---- SUPPLIED INFORMATION

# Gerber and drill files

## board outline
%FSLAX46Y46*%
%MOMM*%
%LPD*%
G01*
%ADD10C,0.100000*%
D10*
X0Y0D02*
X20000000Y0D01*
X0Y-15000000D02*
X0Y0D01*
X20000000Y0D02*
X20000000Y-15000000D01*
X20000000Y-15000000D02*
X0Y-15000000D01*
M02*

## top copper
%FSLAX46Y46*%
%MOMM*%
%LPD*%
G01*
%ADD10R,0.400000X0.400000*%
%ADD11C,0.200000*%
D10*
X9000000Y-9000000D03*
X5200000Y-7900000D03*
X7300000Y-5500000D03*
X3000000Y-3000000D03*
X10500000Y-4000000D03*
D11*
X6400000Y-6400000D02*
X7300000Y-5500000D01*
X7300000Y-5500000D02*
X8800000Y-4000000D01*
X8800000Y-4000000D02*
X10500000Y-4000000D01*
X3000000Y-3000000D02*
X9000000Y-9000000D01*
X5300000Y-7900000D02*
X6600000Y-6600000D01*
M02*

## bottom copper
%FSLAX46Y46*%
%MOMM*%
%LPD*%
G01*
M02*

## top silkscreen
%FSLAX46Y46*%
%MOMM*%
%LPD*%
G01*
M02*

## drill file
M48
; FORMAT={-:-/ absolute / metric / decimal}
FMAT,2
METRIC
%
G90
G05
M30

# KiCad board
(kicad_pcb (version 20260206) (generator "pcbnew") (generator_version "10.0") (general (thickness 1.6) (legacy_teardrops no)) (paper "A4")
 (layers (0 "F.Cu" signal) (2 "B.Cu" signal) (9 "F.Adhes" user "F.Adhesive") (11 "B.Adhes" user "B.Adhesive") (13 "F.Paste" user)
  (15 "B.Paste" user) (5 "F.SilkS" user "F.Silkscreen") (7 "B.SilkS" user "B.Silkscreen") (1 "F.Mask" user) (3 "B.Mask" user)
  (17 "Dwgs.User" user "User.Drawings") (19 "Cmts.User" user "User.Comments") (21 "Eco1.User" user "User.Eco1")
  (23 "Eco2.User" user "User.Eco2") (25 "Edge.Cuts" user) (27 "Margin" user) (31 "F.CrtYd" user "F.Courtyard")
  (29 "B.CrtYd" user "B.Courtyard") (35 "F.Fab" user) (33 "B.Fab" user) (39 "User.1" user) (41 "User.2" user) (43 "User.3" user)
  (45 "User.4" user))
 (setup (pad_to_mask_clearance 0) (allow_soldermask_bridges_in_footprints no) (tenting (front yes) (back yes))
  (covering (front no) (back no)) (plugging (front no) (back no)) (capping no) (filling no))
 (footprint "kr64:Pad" (layer "F.Cu") (at 9 9)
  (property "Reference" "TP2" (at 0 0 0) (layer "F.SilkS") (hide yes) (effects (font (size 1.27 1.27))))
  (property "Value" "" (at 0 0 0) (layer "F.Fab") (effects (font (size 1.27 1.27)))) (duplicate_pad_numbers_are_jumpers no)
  (pad "1" smd rect (at 0 0) (size 0.4 0.4) (layers "F.Cu" "F.Mask" "F.Paste") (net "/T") (thermal_bridge_angle 45)))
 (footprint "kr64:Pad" (layer "F.Cu") (at 5.2 7.9)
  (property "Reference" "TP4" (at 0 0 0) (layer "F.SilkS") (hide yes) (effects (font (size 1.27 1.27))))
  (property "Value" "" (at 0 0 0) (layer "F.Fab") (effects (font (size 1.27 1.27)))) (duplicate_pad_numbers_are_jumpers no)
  (pad "1" smd rect (at 0 0) (size 0.4 0.4) (layers "F.Cu" "F.Mask" "F.Paste") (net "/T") (thermal_bridge_angle 45)))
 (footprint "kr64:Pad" (layer "F.Cu") (at 7.3 5.5)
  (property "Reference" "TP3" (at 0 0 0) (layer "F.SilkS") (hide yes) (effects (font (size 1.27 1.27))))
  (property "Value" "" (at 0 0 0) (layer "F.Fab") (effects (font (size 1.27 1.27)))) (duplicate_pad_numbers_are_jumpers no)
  (pad "1" smd rect (at 0 0) (size 0.4 0.4) (layers "F.Cu" "F.Mask" "F.Paste") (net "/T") (thermal_bridge_angle 45)))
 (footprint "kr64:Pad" (layer "F.Cu") (at 3 3)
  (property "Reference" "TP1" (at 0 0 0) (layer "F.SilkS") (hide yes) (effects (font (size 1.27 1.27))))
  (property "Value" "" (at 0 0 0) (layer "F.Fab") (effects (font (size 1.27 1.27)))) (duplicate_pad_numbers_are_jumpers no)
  (pad "1" smd rect (at 0 0) (size 0.4 0.4) (layers "F.Cu" "F.Mask" "F.Paste") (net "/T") (thermal_bridge_angle 45)))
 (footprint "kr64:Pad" (layer "F.Cu") (at 10.5 4)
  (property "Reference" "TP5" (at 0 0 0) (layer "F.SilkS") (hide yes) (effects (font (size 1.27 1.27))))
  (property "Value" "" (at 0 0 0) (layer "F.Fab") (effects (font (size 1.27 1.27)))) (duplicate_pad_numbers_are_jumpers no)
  (pad "1" smd rect (at 0 0) (size 0.4 0.4) (layers "F.Cu" "F.Mask" "F.Paste") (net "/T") (thermal_bridge_angle 45)))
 (gr_line (start 0 0) (end 20 0) (stroke (width 0.1) (type default)) (layer "Edge.Cuts"))
 (gr_line (start 0 15) (end 0 0) (stroke (width 0.1) (type default)) (layer "Edge.Cuts"))
 (gr_line (start 20 0) (end 20 15) (stroke (width 0.1) (type default)) (layer "Edge.Cuts"))
 (gr_line (start 20 15) (end 0 15) (stroke (width 0.1) (type default)) (layer "Edge.Cuts"))
 (segment (start 6.4 6.4) (end 7.3 5.5) (width 0.2) (layer "F.Cu") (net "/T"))
 (segment (start 7.3 5.5) (end 8.8 4) (width 0.2) (layer "F.Cu") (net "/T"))
 (segment (start 8.8 4) (end 10.5 4) (width 0.2) (layer "F.Cu") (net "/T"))
 (segment (start 3 3) (end 9 9) (width 0.2) (layer "F.Cu") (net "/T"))
 (segment (start 5.3 7.9) (end 6.6 6.6) (width 0.2) (layer "F.Cu") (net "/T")))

--------

All that is wanted is the number of lines in the records that include the string "front".

RESULT
2